Sphingomonas paucimobilis BPSI-3 mutant AN2 produces a red catabolite during biphenyl degradation

A. D. Davison, M. R. Gillings, D. R. Jardine, P. Karuso, A. S. Nouwens, J. J. French, D. A. Veal, N. Altavilla

Research output: Contribution to journalArticleResearchpeer-review

Abstract

The biphenyl degradation pathway of Sphingomonas paucimobilis BPSI-3 was investigated using a degradationdeficient mutant generated by 1-methyl-3- nitro-1-nitrosoguanidine (NTG) mutagenesis. The mutant, designated AN2, was confirmed as originating from BPSI-3 through the use of ERIC (Enterobacterial Repetitive Intergenic Consensus) PCR and by detection of the diagnostic pigment, nostoxanthin, in cellular methanol extracts. Mutant AN2 produced a yellow followed by red extracellular substance when grown in the presence of biphenyl. In the presence of 2,3-dihydroxybiphenyl, yellow followed by red then yellow compounds were formed over time. This colour change was consistent with the characteristics of a quinone, 1-phenyl-2,3-benzoquinone, which could arise from the oxidation of 2,3-dihydroxybiphenyl. A quinone was synthesised from 2,3-dihydroxybiphenyl and compared to the red compound produced by mutant AN2. Gas chromatography-mass spectrophotometry (GC-MS) confirmed that a similar quinone (4,5-dimethoxy-3-phenyl-1,2-benzoquinone) compared to the structure of the proposed biogenic compound, had been formed. This compound was also found after GC-MS analysis of mutant AN2 culture extracts. Spectrophotometric analysis of the quinone synthesised and the red product produced revealed almost identical spectral profiles.
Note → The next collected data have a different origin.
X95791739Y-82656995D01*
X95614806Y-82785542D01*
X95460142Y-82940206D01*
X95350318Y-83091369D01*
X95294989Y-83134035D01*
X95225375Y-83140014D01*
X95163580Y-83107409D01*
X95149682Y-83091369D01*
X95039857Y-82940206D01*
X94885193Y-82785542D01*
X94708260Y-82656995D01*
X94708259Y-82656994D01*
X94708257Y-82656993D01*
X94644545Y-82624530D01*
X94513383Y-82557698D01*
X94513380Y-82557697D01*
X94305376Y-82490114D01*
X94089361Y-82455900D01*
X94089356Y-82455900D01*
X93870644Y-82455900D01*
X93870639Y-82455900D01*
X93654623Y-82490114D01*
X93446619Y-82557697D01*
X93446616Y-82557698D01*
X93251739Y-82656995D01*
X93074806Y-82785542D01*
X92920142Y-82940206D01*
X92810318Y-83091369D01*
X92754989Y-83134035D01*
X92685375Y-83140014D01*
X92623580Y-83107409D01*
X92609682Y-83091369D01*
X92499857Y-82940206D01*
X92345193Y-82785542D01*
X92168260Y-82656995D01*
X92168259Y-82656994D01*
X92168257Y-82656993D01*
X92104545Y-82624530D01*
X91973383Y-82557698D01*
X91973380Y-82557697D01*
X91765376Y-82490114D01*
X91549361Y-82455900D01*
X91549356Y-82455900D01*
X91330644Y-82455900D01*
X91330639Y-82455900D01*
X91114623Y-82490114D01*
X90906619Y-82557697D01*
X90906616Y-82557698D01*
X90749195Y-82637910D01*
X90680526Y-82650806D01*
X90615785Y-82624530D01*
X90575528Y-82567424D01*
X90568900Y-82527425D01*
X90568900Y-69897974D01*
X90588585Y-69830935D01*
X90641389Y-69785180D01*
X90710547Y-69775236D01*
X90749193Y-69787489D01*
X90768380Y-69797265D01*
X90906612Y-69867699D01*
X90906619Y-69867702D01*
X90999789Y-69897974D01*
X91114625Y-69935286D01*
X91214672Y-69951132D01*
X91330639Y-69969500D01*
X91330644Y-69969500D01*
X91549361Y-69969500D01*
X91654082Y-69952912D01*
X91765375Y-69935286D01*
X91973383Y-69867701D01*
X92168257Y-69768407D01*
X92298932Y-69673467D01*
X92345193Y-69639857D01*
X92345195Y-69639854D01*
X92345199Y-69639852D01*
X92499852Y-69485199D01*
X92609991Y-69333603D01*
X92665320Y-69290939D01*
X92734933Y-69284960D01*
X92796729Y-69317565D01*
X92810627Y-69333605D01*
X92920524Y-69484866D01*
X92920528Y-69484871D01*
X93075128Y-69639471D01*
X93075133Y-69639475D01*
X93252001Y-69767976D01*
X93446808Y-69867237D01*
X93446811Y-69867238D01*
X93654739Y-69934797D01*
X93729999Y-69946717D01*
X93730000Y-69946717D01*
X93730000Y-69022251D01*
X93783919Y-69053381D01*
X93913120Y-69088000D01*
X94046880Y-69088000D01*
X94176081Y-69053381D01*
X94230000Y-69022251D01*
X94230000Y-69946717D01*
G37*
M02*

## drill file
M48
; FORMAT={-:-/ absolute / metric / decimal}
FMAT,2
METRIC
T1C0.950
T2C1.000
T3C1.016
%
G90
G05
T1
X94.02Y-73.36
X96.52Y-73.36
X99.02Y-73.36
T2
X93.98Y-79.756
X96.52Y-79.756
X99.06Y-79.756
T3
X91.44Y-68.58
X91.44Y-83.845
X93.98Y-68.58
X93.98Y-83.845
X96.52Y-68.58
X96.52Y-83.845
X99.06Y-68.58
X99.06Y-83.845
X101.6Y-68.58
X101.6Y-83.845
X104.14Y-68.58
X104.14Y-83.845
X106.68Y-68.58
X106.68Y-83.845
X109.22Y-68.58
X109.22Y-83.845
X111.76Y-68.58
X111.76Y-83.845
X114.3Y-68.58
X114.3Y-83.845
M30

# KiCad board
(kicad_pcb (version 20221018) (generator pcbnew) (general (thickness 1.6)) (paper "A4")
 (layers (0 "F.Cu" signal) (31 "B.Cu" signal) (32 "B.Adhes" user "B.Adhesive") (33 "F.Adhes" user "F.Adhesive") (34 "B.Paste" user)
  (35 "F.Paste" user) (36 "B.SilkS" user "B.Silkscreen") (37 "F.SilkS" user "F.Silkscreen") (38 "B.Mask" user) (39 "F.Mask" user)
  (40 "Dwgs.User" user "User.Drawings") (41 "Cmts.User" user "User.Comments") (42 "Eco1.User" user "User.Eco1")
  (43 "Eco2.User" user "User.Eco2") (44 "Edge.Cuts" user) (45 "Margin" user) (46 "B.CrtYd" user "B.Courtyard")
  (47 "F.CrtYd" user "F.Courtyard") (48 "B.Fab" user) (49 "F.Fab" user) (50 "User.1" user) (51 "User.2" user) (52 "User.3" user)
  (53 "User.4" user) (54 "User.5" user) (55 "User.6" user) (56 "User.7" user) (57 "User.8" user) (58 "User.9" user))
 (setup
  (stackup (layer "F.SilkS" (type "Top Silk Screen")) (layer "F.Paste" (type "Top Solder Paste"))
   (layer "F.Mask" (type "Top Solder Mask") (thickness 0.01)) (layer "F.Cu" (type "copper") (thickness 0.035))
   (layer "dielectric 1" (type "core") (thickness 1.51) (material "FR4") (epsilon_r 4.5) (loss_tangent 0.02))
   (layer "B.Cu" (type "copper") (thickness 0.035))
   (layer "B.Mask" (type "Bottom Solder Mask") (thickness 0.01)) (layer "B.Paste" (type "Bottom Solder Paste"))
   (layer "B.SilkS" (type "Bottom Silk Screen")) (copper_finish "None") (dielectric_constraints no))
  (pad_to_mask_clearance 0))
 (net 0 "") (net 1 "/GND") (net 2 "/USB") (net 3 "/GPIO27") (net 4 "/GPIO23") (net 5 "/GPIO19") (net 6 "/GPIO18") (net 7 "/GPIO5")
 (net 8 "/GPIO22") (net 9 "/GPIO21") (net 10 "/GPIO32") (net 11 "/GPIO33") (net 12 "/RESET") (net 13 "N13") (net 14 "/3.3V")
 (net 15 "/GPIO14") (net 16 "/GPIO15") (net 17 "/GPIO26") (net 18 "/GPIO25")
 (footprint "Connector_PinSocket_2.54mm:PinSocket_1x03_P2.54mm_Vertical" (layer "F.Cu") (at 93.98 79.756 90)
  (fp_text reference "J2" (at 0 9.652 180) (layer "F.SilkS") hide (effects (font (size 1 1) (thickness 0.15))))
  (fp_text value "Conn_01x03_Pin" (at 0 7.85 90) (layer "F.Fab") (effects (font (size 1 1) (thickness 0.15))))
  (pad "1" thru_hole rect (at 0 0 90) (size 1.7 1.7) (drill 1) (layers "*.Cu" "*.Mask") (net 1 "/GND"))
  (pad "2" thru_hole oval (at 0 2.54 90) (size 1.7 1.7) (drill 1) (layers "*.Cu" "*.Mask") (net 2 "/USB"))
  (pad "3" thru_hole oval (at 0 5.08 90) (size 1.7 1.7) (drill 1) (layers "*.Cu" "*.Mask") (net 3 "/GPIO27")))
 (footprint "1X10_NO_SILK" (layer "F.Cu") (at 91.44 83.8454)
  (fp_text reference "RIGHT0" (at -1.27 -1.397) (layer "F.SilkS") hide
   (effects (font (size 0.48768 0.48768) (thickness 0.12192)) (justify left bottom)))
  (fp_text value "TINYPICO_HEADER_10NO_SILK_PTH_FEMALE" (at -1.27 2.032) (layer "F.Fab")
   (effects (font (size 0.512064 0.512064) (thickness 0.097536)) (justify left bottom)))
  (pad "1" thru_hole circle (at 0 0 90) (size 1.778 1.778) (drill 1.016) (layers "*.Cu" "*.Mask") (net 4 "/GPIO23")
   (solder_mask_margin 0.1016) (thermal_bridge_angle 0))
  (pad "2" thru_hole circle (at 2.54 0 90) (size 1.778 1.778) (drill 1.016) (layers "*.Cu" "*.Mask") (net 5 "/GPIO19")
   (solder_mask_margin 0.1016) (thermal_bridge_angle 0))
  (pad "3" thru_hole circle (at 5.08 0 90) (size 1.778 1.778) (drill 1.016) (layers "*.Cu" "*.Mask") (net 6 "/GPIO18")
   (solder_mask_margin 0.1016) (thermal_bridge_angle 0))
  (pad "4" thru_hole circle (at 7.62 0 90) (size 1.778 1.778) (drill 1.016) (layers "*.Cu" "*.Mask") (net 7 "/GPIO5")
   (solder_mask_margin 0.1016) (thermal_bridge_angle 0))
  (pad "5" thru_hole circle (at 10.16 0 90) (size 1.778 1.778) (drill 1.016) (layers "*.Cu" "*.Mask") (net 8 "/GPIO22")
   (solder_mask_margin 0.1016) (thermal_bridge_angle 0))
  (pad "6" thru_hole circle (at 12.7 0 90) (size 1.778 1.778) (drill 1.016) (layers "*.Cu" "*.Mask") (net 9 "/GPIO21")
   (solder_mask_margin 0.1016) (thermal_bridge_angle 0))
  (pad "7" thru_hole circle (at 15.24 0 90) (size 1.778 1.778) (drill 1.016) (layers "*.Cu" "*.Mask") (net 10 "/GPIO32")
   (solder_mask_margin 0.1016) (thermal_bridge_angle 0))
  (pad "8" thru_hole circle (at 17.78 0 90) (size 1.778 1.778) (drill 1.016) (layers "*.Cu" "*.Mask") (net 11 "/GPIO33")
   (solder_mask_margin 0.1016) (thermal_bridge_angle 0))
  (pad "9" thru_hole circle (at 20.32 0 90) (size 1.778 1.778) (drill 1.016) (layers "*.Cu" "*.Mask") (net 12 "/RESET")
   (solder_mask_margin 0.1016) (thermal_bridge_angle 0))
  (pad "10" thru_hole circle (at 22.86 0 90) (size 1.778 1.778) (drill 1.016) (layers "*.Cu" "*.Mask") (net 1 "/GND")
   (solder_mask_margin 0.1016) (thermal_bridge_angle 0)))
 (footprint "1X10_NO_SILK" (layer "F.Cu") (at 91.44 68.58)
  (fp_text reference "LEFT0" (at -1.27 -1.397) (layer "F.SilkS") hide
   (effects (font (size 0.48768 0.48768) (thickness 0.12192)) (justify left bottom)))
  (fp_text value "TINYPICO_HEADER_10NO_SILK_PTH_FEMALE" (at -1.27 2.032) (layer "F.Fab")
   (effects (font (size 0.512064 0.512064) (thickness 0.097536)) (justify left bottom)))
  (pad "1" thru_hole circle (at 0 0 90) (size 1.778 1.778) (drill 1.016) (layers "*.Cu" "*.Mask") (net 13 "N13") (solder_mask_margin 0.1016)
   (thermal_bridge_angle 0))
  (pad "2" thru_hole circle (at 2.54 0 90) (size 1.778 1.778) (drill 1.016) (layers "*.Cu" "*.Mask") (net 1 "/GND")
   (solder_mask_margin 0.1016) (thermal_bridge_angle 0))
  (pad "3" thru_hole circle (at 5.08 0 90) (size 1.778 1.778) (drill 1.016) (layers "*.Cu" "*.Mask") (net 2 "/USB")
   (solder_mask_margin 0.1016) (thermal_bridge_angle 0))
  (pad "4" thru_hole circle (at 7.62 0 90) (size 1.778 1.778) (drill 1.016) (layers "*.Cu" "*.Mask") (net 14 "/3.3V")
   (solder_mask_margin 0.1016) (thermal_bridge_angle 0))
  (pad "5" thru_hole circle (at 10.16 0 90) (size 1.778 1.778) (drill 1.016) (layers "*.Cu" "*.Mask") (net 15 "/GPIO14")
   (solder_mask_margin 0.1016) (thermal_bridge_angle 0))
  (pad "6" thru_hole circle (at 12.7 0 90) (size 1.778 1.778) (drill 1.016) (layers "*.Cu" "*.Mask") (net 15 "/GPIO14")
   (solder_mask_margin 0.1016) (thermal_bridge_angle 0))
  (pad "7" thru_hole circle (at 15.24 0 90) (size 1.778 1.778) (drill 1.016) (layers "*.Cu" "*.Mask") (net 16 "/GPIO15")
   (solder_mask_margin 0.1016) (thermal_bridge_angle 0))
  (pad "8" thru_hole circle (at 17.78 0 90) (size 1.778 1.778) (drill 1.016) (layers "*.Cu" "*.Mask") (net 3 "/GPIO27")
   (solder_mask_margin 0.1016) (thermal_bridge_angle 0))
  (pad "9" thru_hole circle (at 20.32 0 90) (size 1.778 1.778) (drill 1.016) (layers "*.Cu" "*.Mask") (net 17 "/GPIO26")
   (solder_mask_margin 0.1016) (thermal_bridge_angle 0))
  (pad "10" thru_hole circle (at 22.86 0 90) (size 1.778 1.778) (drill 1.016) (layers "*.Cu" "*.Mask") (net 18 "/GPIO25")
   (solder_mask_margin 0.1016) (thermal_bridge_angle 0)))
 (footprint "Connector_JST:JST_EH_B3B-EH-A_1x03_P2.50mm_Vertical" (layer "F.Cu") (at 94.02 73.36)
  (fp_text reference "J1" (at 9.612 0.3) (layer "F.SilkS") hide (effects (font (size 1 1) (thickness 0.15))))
A likely inference from this evidence is that the mutant AN2 is blocked, or its activity altered, in the first gene cluster, bphA to C, of the biphenyl degradation pathway.

LanguageEnglish
Pages314-319
Number of pages6
JournalJournal of Industrial Microbiology and Biotechnology
Volume23
Issue number4-5
DOIs
Publication statusPublished - 1999

Fingerprint

Sphingomonas
Spectrophotometry
Gas chromatography
Degradation
Mutagenesis
Pigments
Gas Chromatography
Methanol
Genes
Nitrosoguanidines
Color
Oxidation
Multigene Family
Polymerase Chain Reaction
diphenyl
benzoquinone
2,3-dihydroxybiphenyl
2-benzoquinone

Keywords

  • biodegradation
  • bioremediation
  • biphenyl degradation
  • quinone

Cite this

Davison, A. D. ; Gillings, M. R. ; Jardine, D. R. ; Karuso, P. ; Nouwens, A. S. ; French, J. J. ; Veal, D. A. ; Altavilla, N. / Sphingomonas paucimobilis BPSI-3 mutant AN2 produces a red catabolite during biphenyl degradation. In: Journal of Industrial Microbiology and Biotechnology. 1999 ; Vol. 23, No. 4-5. pp. 314-319.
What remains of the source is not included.